DATA:
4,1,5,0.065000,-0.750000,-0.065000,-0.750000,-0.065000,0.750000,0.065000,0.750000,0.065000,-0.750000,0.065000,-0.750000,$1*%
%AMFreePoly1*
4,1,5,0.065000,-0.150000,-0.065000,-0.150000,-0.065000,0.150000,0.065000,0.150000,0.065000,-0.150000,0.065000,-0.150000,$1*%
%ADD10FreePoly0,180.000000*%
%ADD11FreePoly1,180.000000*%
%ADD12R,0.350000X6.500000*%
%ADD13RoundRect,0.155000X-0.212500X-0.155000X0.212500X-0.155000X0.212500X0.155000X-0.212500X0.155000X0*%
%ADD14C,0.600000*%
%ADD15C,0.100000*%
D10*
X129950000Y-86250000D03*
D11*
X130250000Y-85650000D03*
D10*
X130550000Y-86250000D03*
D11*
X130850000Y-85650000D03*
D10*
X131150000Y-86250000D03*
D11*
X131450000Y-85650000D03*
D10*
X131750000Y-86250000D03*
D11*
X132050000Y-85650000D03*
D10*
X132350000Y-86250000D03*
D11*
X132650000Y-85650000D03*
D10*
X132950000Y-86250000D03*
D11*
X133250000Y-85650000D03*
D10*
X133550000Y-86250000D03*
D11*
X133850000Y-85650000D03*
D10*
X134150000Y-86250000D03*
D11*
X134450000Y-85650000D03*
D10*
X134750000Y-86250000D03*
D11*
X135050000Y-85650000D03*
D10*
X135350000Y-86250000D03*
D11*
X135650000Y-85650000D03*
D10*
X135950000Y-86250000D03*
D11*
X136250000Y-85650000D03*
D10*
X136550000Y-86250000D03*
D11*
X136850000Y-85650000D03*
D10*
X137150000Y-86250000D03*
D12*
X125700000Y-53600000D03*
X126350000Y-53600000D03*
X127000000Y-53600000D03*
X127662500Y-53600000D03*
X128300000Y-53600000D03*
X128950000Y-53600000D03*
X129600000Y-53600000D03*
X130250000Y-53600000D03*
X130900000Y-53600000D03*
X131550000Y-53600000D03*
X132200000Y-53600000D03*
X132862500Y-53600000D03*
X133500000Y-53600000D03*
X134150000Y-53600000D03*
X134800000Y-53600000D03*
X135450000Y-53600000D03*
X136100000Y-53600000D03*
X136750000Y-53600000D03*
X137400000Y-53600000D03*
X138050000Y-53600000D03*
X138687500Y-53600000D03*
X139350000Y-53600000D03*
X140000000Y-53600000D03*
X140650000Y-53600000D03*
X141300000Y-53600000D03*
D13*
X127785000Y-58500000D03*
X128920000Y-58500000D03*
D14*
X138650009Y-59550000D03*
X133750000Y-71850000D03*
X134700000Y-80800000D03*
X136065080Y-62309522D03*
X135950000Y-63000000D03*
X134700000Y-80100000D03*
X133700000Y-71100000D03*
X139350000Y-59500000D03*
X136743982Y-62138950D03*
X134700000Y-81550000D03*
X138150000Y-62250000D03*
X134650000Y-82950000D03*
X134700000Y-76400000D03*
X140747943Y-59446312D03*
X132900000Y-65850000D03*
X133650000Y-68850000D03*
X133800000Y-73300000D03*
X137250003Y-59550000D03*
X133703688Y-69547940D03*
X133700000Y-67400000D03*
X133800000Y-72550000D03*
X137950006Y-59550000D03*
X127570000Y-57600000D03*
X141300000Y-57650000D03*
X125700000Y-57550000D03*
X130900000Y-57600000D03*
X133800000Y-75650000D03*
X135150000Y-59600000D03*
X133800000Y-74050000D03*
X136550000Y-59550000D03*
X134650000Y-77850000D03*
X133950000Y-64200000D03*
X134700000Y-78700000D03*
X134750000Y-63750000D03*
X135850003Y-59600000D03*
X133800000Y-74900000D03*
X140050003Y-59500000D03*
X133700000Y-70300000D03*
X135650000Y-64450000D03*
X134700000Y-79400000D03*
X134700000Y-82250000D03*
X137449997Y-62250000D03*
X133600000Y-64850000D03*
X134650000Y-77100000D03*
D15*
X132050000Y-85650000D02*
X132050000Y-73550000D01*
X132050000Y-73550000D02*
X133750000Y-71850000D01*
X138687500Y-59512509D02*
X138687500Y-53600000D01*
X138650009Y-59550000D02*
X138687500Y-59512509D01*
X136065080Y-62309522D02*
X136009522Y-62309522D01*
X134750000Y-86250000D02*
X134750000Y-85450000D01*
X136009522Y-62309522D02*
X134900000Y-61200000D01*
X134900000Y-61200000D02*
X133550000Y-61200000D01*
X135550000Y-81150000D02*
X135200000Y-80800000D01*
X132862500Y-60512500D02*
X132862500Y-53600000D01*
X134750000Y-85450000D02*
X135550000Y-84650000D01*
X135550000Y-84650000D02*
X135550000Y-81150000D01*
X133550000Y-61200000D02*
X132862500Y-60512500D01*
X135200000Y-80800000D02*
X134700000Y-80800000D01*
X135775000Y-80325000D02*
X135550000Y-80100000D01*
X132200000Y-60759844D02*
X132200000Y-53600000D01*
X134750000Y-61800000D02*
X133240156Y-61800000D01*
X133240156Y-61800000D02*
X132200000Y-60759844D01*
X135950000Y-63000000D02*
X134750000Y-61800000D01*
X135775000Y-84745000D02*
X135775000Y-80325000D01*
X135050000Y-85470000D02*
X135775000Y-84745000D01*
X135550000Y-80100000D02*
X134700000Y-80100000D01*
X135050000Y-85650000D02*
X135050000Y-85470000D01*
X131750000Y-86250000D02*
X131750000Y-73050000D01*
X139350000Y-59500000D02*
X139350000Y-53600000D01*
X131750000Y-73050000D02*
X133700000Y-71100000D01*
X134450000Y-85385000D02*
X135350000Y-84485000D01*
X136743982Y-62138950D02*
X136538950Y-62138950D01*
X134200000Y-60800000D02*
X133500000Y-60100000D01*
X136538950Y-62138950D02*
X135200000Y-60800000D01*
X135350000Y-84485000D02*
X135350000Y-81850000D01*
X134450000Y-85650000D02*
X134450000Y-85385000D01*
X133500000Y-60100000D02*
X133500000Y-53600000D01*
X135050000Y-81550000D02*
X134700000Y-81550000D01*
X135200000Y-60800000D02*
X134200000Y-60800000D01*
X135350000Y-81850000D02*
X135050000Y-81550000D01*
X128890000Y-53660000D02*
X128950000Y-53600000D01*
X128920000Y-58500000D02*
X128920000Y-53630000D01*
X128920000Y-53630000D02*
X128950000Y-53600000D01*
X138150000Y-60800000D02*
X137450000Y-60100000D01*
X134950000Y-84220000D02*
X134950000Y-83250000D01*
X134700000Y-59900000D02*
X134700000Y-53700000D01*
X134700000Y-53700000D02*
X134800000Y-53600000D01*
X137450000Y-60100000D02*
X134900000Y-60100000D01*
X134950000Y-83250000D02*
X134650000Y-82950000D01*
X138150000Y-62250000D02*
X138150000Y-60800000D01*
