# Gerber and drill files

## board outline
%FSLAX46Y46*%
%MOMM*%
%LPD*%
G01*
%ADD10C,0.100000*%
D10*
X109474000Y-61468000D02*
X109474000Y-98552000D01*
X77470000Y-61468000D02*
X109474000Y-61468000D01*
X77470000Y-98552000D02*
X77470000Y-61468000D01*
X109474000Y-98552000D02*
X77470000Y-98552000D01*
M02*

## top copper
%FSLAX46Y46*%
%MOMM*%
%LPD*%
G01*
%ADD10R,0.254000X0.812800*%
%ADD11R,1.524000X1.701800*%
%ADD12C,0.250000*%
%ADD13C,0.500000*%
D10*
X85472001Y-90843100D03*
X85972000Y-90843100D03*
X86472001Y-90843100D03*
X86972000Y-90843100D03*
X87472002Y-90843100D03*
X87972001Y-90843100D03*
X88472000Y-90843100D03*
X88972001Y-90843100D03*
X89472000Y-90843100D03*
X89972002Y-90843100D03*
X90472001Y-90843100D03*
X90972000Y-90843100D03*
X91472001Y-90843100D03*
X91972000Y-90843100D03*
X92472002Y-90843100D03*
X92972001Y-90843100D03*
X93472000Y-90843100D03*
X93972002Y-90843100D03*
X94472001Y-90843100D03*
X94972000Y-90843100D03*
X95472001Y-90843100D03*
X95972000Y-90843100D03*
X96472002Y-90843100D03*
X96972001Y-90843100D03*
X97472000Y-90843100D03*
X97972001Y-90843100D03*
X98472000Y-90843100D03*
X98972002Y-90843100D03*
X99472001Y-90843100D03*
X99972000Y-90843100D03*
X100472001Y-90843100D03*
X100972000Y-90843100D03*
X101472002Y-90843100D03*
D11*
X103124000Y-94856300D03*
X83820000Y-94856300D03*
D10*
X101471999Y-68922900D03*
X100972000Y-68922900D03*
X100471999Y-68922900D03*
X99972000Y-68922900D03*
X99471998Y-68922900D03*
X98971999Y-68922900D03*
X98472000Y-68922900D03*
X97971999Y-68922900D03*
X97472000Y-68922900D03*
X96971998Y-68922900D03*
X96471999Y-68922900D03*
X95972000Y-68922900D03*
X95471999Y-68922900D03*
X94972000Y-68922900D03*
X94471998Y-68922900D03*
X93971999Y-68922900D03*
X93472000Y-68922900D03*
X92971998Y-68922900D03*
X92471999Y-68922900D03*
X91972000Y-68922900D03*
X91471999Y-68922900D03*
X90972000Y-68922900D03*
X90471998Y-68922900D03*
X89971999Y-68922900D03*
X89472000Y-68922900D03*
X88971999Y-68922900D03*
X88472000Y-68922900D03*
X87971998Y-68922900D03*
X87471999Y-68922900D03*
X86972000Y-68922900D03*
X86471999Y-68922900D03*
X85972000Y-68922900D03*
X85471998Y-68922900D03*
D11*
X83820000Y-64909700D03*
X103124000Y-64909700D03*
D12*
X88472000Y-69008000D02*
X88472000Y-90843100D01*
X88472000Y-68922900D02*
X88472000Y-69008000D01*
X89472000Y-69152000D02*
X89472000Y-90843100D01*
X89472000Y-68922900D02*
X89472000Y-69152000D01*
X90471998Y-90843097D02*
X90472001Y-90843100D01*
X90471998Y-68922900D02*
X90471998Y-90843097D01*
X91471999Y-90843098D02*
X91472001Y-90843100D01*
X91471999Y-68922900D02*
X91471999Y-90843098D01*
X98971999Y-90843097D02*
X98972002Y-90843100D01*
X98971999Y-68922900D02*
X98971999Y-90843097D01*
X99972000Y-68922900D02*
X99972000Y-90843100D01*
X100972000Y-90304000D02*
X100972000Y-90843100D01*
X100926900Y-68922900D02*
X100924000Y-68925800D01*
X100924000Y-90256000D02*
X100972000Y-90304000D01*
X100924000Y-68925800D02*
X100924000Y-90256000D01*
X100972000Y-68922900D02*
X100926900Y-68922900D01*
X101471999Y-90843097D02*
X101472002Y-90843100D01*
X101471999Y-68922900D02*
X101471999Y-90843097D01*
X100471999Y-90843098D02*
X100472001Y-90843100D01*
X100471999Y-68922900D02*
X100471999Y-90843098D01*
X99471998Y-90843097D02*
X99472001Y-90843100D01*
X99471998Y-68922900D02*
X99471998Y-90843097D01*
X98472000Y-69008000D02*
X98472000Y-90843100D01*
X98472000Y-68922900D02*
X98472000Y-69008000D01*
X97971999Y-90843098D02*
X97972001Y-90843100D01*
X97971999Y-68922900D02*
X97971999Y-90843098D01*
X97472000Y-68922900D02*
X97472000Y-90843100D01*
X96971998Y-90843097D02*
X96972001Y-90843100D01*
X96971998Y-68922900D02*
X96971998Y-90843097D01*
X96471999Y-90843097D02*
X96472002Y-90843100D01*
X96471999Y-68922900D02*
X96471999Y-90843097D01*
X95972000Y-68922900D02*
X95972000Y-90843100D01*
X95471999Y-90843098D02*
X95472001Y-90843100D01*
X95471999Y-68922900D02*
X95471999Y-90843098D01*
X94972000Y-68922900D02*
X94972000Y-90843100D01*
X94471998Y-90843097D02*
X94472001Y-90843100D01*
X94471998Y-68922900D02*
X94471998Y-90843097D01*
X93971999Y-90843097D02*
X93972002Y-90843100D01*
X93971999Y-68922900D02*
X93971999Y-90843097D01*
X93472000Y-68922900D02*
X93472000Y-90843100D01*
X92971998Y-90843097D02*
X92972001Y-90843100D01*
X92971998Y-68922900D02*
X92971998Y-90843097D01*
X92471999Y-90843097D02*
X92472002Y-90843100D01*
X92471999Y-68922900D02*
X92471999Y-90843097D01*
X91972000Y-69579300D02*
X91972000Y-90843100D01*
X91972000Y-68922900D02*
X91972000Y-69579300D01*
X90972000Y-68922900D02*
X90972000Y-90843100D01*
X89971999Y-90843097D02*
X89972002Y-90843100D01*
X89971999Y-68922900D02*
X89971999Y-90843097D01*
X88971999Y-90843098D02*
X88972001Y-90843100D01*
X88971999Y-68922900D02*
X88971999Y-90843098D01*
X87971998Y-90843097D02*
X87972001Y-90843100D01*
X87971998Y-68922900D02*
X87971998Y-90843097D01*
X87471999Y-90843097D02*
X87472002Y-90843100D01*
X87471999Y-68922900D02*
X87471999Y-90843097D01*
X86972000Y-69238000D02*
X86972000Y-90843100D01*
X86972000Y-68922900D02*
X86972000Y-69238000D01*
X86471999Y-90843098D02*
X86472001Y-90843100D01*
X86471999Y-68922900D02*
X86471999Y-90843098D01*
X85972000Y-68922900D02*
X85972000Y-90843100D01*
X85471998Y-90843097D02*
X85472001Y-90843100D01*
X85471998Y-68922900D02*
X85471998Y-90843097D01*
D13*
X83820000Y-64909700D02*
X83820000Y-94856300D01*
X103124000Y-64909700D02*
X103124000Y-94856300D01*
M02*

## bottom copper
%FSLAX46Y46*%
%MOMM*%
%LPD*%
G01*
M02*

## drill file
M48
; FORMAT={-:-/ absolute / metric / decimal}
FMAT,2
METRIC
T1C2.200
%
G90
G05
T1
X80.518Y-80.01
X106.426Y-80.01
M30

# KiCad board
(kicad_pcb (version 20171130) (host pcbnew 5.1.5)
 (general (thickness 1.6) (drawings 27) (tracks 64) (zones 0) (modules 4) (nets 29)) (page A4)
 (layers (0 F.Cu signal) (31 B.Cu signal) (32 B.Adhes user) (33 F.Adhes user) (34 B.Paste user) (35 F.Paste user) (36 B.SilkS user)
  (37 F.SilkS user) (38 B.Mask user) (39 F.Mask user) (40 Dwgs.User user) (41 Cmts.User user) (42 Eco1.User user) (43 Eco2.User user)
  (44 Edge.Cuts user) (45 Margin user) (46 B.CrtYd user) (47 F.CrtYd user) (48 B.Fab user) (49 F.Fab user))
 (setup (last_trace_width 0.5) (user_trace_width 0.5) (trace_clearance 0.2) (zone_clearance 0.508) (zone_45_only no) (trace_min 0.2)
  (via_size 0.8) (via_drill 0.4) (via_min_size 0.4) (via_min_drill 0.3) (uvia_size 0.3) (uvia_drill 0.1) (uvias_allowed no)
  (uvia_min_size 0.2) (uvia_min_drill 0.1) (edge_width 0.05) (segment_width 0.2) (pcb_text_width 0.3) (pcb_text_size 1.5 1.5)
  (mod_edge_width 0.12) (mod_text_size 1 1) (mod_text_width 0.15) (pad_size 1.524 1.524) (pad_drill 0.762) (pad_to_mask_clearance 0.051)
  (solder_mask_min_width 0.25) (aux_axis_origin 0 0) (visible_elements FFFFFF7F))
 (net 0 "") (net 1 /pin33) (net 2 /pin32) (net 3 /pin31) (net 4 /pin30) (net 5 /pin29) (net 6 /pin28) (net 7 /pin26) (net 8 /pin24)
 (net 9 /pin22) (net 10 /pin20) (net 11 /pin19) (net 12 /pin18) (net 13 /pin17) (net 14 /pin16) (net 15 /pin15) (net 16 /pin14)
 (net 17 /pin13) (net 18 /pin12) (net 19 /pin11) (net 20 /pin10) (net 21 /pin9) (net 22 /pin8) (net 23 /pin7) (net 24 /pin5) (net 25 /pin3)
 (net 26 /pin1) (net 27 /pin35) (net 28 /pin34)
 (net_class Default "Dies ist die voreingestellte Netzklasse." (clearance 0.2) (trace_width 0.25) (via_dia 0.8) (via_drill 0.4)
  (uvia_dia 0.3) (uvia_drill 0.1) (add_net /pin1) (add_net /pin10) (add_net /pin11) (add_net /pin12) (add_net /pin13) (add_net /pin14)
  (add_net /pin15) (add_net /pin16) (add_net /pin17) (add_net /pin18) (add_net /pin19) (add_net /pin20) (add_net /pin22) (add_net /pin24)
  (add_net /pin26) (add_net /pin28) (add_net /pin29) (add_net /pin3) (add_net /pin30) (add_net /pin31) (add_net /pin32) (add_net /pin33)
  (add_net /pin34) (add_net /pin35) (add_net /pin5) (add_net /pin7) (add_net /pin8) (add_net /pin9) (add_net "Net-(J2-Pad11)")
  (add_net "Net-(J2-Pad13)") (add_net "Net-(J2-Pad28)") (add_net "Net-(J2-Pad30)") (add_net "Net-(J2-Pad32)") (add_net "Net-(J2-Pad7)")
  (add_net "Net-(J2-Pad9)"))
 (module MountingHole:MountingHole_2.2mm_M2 (layer F.Cu) (at 80.518 80.01)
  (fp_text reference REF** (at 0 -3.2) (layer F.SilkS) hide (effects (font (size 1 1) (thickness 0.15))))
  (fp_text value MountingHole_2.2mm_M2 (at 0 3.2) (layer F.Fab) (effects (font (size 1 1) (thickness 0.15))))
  (pad 1 np_thru_hole circle (at 0 0) (size 2.2 2.2) (drill 2.2) (layers *.Cu *.Mask)))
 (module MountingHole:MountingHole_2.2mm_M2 (layer F.Cu) (at 106.426 80.01)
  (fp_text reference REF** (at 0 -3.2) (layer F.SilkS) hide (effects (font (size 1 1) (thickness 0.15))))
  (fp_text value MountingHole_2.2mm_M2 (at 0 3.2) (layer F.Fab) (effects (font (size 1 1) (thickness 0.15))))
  (pad 1 np_thru_hole circle (at 0 0) (size 2.2 2.2) (drill 2.2) (layers *.Cu *.Mask)))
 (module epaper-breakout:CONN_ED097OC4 (layer F.Cu) (at 93.472 88.392 180)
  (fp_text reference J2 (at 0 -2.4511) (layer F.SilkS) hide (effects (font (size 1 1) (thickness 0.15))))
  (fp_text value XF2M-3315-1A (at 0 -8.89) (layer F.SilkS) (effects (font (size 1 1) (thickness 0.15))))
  (pad 1 smd rect (at 7.999999 -2.4511 270) (size 0.8128 0.254) (layers F.Cu F.Paste F.Mask) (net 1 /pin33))
  (pad 2 smd rect (at 7.5 -2.4511 270) (size 0.8128 0.254) (layers F.Cu F.Paste F.Mask) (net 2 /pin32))
  (pad 3 smd rect (at 6.999999 -2.4511 270) (size 0.8128 0.254) (layers F.Cu F.Paste F.Mask) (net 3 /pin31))
  (pad 4 smd rect (at 6.5 -2.4511 270) (size 0.8128 0.254) (layers F.Cu F.Paste F.Mask) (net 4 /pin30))
  (pad 5 smd rect (at 5.999998 -2.4511 270) (size 0.8128 0.254) (layers F.Cu F.Paste F.Mask) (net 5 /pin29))
  (pad 6 smd rect (at 5.499999 -2.4511 270) (size 0.8128 0.254) (layers F.Cu F.Paste F.Mask) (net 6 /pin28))
  (pad 7 smd rect (at 5 -2.4511 270) (size 0.8128 0.254) (layers F.Cu F.Paste F.Mask))
  (pad 8 smd rect (at 4.499999 -2.4511 270) (size 0.8128 0.254) (layers F.Cu F.Paste F.Mask) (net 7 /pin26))
  (pad 9 smd rect (at 4 -2.4511 270) (size 0.8128 0.254) (layers F.Cu F.Paste F.Mask))
  (pad 10 smd rect (at 3.499998 -2.4511 270) (size 0.8128 0.254) (layers F.Cu F.Paste F.Mask) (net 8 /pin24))
  (pad 11 smd rect (at 2.999999 -2.4511 270) (size 0.8128 0.254) (layers F.Cu F.Paste F.Mask))
  (pad 12 smd rect (at 2.5 -2.4511 270) (size 0.8128 0.254) (layers F.Cu F.Paste F.Mask) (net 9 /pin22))
  (pad 13 smd rect (at 1.999999 -2.4511 270) (size 0.8128 0.254) (layers F.Cu F.Paste F.Mask))
  (pad 14 smd rect (at 1.5 -2.4511 270) (size 0.8128 0.254) (layers F.Cu F.Paste F.Mask) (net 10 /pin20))
  (pad 15 smd rect (at 0.999998 -2.4511 270) (size 0.8128 0.254) (layers F.Cu F.Paste F.Mask) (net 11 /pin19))
  (pad 16 smd rect (at 0.499999 -2.4511 270) (size 0.8128 0.254) (layers F.Cu F.Paste F.Mask) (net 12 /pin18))
  (pad 17 smd rect (at 0 -2.4511 270) (size 0.8128 0.254) (layers F.Cu F.Paste F.Mask) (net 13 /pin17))
  (pad 18 smd rect (at -0.500002 -2.4511 270) (size 0.8128 0.254) (layers F.Cu F.Paste F.Mask) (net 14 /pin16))
  (pad 19 smd rect (at -1.000001 -2.4511 270) (size 0.8128 0.254) (layers F.Cu F.Paste F.Mask) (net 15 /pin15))
  (pad 20 smd rect (at -1.5 -2.4511 270) (size 0.8128 0.254) (layers F.Cu F.Paste F.Mask) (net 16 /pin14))
  (pad 21 smd rect (at -2.000001 -2.4511 270) (size 0.8128 0.254) (layers F.Cu F.Paste F.Mask) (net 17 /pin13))
  (pad 22 smd rect (at -2.5 -2.4511 270) (size 0.8128 0.254) (layers F.Cu F.Paste F.Mask) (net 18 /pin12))
  (pad 23 smd rect (at -3.000002 -2.4511 270) (size 0.8128 0.254) (layers F.Cu F.Paste F.Mask) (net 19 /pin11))
  (pad 24 smd rect (at -3.500001 -2.4511 270) (size 0.8128 0.254) (layers F.Cu F.Paste F.Mask) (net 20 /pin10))
  (pad 25 smd rect (at -4 -2.4511 270) (size 0.8128 0.254) (layers F.Cu F.Paste F.Mask) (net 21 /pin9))
  (pad 26 smd rect (at -4.500001 -2.4511 270) (size 0.8128 0.254) (layers F.Cu F.Paste F.Mask) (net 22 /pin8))
  (pad 27 smd rect (at -5 -2.4511 270) (size 0.8128 0.254) (layers F.Cu F.Paste F.Mask) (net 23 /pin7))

ABOUT THIS EXERCISE: When you reach the line holding "# KiCad board" in the records above, begin reproducing exactly, stop after the line holding "(net 26 /pin1)", and output nothing else.

RESPONSE:
# KiCad board
(kicad_pcb (version 20171130) (host pcbnew 5.1.5)
 (general (thickness 1.6) (drawings 27) (tracks 64) (zones 0) (modules 4) (nets 29)) (page A4)
 (layers (0 F.Cu signal) (31 B.Cu signal) (32 B.Adhes user) (33 F.Adhes user) (34 B.Paste user) (35 F.Paste user) (36 B.SilkS user)
  (37 F.SilkS user) (38 B.Mask user) (39 F.Mask user) (40 Dwgs.User user) (41 Cmts.User user) (42 Eco1.User user) (43 Eco2.User user)
  (44 Edge.Cuts user) (45 Margin user) (46 B.CrtYd user) (47 F.CrtYd user) (48 B.Fab user) (49 F.Fab user))
 (setup (last_trace_width 0.5) (user_trace_width 0.5) (trace_clearance 0.2) (zone_clearance 0.508) (zone_45_only no) (trace_min 0.2)
  (via_size 0.8) (via_drill 0.4) (via_min_size 0.4) (via_min_drill 0.3) (uvia_size 0.3) (uvia_drill 0.1) (uvias_allowed no)
  (uvia_min_size 0.2) (uvia_min_drill 0.1) (edge_width 0.05) (segment_width 0.2) (pcb_text_width 0.3) (pcb_text_size 1.5 1.5)
  (mod_edge_width 0.12) (mod_text_size 1 1) (mod_text_width 0.15) (pad_size 1.524 1.524) (pad_drill 0.762) (pad_to_mask_clearance 0.051)
  (solder_mask_min_width 0.25) (aux_axis_origin 0 0) (visible_elements FFFFFF7F))
 (net 0 "") (net 1 /pin33) (net 2 /pin32) (net 3 /pin31) (net 4 /pin30) (net 5 /pin29) (net 6 /pin28) (net 7 /pin26) (net 8 /pin24)
 (net 9 /pin22) (net 10 /pin20) (net 11 /pin19) (net 12 /pin18) (net 13 /pin17) (net 14 /pin16) (net 15 /pin15) (net 16 /pin14)
 (net 17 /pin13) (net 18 /pin12) (net 19 /pin11) (net 20 /pin10) (net 21 /pin9) (net 22 /pin8) (net 23 /pin7) (net 24 /pin5) (net 25 /pin3)
 (net 26 /pin1) (net 27 /pin35) (net 28 /pin34)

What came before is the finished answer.